So you thought you had a bad week last week…
The CEO and Head of HR of a New England AI startup, Astronomer.io, just had their careers implode when they were caught in flagrante delicto on a stadium kiss cam during a Coldplay concert.
Andy Byron was already married to someone else. Kristin Cabot, was the Head of HR and caught messing around with her boss. Anyone who’s worked in corporate America knows there are SO MANY REASONS why this wasn’t smart, especially for C-Suite executives.
But why did it go viral? The internet loves a perfect storm and this had it all: novelty (most people don’t get busted so randomly and so publicly), visible guilt (their panic made them look guilty. If they’d stayed calm, nobody would have ever suspected), and schadenfreude (people love watching the powerful fall, especially when it’s their own fault).
These were the same executives who likely sat in boardrooms discussing employee conduct policies, signed off on anti-harassment training, and enforced the very standards they privately ignored. Had it been a city bus driver caught with a cashier, nobody would’ve cared.
The CEO will probably land somewhere new eventually. Track records building companies help you stay in power. But Cabot’s HR career? That’s a harder road back. She got caught doing THE ONE THING an HR person should not be caught doing. Trust is the entire job description and once that’s gone, there’s not much left.
Since the incident, Byron has resigned, his wife has changed back to her maiden name on social media, and Astronomy.io released the usual crisis-mangement statement, saying very little.
In the end, it’s not much of a story. Two people acted foolishly and got caught randomly. The internet got a good laugh. Most people hadn’t heard of the company before this. Life goes on.
The real lesson is about the nature of leadership.

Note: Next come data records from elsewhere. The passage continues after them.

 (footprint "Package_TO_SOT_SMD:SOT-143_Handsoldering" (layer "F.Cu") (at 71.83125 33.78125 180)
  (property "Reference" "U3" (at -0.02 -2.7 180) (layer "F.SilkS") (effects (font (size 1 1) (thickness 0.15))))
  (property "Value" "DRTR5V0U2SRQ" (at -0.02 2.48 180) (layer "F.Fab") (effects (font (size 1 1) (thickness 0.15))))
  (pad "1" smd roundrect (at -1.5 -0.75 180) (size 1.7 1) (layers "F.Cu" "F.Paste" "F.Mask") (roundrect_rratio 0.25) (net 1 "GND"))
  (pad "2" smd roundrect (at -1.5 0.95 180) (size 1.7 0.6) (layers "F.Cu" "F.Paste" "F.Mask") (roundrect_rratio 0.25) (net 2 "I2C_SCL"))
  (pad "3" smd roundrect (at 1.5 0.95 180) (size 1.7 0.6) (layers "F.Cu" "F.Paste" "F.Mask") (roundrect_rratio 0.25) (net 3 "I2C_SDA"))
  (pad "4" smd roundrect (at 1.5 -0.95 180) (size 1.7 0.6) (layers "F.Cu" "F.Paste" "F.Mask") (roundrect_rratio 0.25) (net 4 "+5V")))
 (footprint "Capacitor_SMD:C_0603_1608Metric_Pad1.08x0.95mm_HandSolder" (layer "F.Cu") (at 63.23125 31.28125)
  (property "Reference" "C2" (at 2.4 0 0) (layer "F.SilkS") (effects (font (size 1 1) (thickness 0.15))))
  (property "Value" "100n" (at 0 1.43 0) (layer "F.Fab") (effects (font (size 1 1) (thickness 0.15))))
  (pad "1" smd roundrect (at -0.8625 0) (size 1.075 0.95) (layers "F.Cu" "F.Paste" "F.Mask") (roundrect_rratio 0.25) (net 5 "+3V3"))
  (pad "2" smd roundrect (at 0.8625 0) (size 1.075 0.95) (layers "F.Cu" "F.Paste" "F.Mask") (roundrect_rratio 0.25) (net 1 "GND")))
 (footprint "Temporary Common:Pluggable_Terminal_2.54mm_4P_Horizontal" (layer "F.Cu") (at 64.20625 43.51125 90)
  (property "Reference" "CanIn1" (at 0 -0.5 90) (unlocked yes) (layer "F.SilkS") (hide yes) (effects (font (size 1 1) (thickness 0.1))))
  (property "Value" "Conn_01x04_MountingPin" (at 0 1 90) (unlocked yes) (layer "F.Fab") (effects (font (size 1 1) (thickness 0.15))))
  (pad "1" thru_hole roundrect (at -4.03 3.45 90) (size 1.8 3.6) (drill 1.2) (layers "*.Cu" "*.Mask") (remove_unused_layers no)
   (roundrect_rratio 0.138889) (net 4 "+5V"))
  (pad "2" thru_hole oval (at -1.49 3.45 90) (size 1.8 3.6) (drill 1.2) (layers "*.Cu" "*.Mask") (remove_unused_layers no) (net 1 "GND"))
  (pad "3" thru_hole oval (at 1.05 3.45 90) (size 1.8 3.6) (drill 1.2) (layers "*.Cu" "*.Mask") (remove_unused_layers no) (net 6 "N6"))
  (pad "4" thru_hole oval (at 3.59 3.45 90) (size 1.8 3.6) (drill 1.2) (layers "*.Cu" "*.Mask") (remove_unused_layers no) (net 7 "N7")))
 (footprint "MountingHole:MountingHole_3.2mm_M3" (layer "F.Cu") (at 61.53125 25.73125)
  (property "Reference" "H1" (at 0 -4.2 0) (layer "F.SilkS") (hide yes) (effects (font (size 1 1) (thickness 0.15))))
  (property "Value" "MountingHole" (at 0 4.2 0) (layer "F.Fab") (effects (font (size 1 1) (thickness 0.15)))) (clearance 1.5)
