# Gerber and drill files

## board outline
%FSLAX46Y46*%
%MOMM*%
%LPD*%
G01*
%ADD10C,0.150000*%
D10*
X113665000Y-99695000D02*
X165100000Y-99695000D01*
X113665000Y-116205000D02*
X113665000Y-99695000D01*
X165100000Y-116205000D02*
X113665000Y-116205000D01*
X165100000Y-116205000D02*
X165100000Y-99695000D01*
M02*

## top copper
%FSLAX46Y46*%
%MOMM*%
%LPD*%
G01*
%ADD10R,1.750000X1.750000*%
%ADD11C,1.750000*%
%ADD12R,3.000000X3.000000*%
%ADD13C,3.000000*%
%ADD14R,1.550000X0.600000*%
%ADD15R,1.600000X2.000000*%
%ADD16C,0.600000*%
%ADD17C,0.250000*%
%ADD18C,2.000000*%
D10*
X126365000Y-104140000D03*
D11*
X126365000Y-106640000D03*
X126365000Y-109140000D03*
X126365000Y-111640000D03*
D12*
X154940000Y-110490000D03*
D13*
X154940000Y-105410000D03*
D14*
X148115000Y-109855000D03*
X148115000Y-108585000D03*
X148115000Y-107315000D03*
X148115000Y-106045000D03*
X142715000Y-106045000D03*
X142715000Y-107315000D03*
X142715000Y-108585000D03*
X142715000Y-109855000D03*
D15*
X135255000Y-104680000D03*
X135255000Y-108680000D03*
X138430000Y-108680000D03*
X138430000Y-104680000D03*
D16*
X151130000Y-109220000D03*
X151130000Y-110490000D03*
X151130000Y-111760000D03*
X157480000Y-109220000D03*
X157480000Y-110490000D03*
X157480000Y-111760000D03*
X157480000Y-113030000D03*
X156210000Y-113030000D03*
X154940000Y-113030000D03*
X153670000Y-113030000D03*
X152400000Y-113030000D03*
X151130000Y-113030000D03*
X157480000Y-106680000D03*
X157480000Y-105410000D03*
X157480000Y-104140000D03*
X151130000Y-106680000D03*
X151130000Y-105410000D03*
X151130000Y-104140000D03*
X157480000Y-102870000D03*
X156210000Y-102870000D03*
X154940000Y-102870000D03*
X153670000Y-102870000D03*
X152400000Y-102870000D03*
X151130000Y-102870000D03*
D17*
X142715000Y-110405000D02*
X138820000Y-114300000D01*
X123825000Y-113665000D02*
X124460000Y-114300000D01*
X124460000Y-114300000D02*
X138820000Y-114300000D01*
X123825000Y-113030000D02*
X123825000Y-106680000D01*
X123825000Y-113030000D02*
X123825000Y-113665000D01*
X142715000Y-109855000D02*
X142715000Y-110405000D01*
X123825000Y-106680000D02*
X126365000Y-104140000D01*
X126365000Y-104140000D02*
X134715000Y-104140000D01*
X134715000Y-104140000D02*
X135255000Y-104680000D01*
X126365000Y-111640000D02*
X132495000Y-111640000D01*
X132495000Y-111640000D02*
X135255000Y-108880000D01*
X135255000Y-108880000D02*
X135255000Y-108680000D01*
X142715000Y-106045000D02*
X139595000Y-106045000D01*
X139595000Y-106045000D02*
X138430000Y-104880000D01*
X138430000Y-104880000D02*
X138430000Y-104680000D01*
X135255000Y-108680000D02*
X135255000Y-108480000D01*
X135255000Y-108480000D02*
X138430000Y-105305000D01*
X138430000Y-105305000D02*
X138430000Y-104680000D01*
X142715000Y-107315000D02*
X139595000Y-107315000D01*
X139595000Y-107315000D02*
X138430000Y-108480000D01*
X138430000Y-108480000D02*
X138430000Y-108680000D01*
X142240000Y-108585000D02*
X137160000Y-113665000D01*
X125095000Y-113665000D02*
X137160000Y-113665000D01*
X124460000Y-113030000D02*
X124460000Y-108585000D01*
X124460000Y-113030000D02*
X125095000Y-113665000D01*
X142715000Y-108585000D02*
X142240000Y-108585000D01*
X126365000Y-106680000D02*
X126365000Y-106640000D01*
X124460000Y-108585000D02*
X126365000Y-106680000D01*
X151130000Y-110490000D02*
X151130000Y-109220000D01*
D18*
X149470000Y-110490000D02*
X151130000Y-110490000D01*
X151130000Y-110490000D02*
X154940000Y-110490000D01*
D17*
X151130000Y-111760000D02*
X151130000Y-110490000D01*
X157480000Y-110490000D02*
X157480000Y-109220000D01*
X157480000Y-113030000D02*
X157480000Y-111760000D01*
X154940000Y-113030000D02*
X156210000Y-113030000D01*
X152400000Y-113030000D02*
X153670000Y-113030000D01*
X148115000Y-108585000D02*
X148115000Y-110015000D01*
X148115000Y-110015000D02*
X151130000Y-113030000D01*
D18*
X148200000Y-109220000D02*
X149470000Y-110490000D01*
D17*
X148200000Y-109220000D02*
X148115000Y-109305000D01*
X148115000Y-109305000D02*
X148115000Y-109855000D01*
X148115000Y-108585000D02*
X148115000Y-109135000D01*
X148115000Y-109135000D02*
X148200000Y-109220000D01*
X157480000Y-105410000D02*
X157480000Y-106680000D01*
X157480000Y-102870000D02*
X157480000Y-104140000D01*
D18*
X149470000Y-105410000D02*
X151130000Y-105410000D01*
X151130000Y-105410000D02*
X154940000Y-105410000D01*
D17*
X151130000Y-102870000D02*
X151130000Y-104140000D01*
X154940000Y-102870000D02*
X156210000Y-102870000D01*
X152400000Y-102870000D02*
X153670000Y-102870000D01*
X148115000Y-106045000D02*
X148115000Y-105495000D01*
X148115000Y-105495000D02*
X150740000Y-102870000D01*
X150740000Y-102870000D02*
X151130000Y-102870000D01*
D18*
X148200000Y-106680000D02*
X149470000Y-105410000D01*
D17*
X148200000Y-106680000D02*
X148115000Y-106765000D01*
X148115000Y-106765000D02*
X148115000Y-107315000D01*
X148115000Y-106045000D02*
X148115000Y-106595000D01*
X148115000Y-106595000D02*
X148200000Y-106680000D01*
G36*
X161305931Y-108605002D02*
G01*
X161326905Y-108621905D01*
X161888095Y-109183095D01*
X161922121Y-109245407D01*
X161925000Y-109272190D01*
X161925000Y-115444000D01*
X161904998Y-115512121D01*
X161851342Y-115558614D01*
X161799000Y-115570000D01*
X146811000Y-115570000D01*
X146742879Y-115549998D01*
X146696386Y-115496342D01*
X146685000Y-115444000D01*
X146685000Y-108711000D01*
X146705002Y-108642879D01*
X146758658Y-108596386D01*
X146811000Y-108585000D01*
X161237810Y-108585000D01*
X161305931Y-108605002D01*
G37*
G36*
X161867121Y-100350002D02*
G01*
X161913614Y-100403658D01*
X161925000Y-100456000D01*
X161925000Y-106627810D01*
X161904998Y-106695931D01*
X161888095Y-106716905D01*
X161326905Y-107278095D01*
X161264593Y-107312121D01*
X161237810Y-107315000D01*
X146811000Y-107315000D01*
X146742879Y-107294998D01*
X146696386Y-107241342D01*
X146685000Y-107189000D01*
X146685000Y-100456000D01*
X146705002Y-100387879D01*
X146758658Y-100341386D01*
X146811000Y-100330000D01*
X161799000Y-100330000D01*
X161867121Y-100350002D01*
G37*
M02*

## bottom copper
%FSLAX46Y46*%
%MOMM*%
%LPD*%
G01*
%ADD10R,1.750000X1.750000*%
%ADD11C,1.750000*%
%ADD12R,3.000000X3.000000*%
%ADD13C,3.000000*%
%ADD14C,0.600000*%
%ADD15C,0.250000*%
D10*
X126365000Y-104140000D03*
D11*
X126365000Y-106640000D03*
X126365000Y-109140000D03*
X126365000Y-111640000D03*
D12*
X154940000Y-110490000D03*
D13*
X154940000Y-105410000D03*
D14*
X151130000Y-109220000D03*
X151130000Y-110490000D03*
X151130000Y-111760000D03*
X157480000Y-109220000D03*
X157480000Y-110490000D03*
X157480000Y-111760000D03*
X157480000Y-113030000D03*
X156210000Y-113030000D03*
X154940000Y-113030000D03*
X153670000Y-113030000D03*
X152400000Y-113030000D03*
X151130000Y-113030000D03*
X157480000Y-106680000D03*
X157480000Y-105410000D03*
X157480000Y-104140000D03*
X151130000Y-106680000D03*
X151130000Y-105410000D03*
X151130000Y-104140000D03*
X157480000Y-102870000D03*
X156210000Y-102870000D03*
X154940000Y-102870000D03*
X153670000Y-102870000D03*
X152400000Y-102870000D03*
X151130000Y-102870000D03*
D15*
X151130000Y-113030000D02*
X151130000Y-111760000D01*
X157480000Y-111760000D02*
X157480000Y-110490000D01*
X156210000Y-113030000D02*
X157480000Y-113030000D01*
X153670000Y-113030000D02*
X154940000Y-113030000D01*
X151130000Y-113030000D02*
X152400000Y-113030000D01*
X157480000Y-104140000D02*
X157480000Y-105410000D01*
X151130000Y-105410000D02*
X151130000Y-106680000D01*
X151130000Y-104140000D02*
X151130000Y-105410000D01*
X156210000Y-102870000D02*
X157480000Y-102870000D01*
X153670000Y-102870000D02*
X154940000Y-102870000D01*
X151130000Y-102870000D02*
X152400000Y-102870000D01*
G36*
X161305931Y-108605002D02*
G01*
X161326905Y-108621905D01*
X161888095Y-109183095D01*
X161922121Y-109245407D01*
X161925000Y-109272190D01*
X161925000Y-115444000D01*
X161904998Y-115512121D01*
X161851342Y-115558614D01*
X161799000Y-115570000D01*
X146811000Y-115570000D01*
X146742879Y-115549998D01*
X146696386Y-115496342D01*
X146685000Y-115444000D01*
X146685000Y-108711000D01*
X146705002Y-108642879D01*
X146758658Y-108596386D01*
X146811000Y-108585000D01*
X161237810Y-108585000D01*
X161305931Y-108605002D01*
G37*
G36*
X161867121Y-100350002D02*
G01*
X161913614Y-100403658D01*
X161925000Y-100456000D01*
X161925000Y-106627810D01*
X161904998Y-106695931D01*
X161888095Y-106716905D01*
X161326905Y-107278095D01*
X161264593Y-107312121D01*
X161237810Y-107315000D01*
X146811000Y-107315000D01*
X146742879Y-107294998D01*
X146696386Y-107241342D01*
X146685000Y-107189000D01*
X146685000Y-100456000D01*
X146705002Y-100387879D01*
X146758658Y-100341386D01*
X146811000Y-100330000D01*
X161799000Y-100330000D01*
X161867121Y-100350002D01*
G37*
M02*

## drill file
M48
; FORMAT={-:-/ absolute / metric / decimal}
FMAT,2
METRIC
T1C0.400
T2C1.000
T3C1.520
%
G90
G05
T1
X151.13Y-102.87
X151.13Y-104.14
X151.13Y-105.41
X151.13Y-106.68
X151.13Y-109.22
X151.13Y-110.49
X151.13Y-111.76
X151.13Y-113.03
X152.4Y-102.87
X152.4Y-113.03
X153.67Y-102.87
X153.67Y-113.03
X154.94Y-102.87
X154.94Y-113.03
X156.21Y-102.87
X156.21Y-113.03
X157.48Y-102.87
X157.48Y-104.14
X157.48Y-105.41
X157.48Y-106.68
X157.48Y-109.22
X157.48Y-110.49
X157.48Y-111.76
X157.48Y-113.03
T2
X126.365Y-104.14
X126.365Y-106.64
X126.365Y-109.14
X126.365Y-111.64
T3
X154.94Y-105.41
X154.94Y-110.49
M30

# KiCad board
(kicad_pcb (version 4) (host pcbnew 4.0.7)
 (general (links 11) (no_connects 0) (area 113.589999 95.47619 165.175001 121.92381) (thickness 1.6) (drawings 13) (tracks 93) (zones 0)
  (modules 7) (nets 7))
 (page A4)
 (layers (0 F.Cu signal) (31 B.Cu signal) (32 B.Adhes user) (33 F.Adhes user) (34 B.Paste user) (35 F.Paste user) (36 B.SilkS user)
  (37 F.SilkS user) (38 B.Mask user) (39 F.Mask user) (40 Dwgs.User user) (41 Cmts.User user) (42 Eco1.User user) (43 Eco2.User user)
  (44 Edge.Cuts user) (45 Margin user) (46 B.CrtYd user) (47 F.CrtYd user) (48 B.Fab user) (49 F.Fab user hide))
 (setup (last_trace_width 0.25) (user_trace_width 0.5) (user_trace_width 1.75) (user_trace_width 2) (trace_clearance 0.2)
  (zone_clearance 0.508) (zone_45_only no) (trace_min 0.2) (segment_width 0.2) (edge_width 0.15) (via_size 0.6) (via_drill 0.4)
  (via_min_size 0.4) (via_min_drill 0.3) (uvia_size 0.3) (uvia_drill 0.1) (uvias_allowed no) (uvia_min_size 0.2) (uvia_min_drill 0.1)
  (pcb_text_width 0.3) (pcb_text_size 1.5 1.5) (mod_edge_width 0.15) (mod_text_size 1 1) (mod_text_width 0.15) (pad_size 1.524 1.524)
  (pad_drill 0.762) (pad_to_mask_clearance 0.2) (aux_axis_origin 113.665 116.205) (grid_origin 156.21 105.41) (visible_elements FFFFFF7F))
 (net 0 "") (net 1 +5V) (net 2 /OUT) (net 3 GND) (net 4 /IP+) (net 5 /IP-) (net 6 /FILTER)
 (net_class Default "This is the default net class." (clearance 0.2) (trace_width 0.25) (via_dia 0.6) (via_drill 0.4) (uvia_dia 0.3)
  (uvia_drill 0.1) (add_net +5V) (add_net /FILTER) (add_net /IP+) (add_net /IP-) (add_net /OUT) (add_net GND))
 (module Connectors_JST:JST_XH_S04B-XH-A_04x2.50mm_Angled (layer F.Cu) (at 126.365 104.14 270)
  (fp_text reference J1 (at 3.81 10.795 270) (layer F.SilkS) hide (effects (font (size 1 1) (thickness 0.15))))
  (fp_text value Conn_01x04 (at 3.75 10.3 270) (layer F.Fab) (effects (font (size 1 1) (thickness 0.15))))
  (pad 1 thru_hole rect (at 0 0 270) (size 1.75 1.75) (drill 1) (layers *.Cu *.Mask F.SilkS) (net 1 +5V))
  (pad 2 thru_hole circle (at 2.5 0 270) (size 1.75 1.75) (drill 1) (layers *.Cu *.Mask F.SilkS) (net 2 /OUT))
  (pad 3 thru_hole circle (at 5 0 270) (size 1.75 1.75) (drill 1) (layers *.Cu *.Mask F.SilkS))
  (pad 4 thru_hole circle (at 7.5 0 270) (size 1.75 1.75) (drill 1) (layers *.Cu *.Mask F.SilkS) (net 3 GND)))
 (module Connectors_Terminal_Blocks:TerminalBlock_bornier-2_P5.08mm (layer F.Cu) (at 154.94 110.49 90)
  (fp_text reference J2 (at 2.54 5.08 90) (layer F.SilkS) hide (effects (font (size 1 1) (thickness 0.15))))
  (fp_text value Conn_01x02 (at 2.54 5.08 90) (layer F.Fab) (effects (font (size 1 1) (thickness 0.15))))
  (pad 1 thru_hole rect (at 0 0 90) (size 3 3) (drill 1.52) (layers *.Cu *.Mask) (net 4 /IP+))
  (pad 2 thru_hole circle (at 5.08 0 90) (size 3 3) (drill 1.52) (layers *.Cu *.Mask) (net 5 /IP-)))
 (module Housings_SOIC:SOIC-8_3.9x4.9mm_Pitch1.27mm (layer F.Cu) (at 145.415 107.95 180)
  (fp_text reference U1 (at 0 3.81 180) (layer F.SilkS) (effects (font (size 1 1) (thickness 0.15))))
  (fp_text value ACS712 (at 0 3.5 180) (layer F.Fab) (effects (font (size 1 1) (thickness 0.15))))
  (pad 1 smd rect (at -2.7 -1.905 180) (size 1.55 0.6) (layers F.Cu F.Paste F.Mask) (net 4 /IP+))
  (pad 2 smd rect (at -2.7 -0.635 180) (size 1.55 0.6) (layers F.Cu F.Paste F.Mask) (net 4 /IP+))
  (pad 3 smd rect (at -2.7 0.635 180) (size 1.55 0.6) (layers F.Cu F.Paste F.Mask) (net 5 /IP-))
  (pad 4 smd rect (at -2.7 1.905 180) (size 1.55 0.6) (layers F.Cu F.Paste F.Mask) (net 5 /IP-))
  (pad 5 smd rect (at 2.7 1.905 180) (size 1.55 0.6) (layers F.Cu F.Paste F.Mask) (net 3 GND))
  (pad 6 smd rect (at 2.7 0.635 180) (size 1.55 0.6) (layers F.Cu F.Paste F.Mask) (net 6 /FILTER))
  (pad 7 smd rect (at 2.7 -0.635 180) (size 1.55 0.6) (layers F.Cu F.Paste F.Mask) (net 2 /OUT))
  (pad 8 smd rect (at 2.7 -1.905 180) (size 1.55 0.6) (layers F.Cu F.Paste F.Mask) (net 1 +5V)))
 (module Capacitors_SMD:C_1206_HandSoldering (layer F.Cu) (at 135.255 106.68 270)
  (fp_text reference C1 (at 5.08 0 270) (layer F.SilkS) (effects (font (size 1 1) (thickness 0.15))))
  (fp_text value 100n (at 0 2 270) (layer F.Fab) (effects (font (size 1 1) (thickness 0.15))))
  (pad 1 smd rect (at -2 0 270) (size 2 1.6) (layers F.Cu F.Paste F.Mask) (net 1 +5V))
  (pad 2 smd rect (at 2 0 270) (size 2 1.6) (layers F.Cu F.Paste F.Mask) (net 3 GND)))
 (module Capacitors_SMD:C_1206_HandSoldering (layer F.Cu) (at 138.43 106.68 90)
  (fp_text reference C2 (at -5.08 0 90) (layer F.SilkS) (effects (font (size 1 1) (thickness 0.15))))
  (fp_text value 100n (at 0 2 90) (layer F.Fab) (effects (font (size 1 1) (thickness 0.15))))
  (pad 1 smd rect (at -2 0 90) (size 2 1.6) (layers F.Cu F.Paste F.Mask) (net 6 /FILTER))
  (pad 2 smd rect (at 2 0 90) (size 2 1.6) (layers F.Cu F.Paste F.Mask) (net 3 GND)))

There’s a scene in the classic 1981 film, “Excaliber”, when King Arthur’s wife, Queen Guinevere, is accused of adultery with his best friend, Sir Lancelot. One of his knights asks Arthur why he doesn’t just pardon her. He’s King after all, he can do anything. Arthur replies that he too must obey the law and give her a fair trial, “Otherwise they’re not laws, they’re just rules.”
That’s how leadership works. And once you forget that, you de facto stop being a leader.
Your integrity isn’t tested when it’s convenient. It’s tested when you think no one is watching. And sometimes the kiss cam finds you anyway.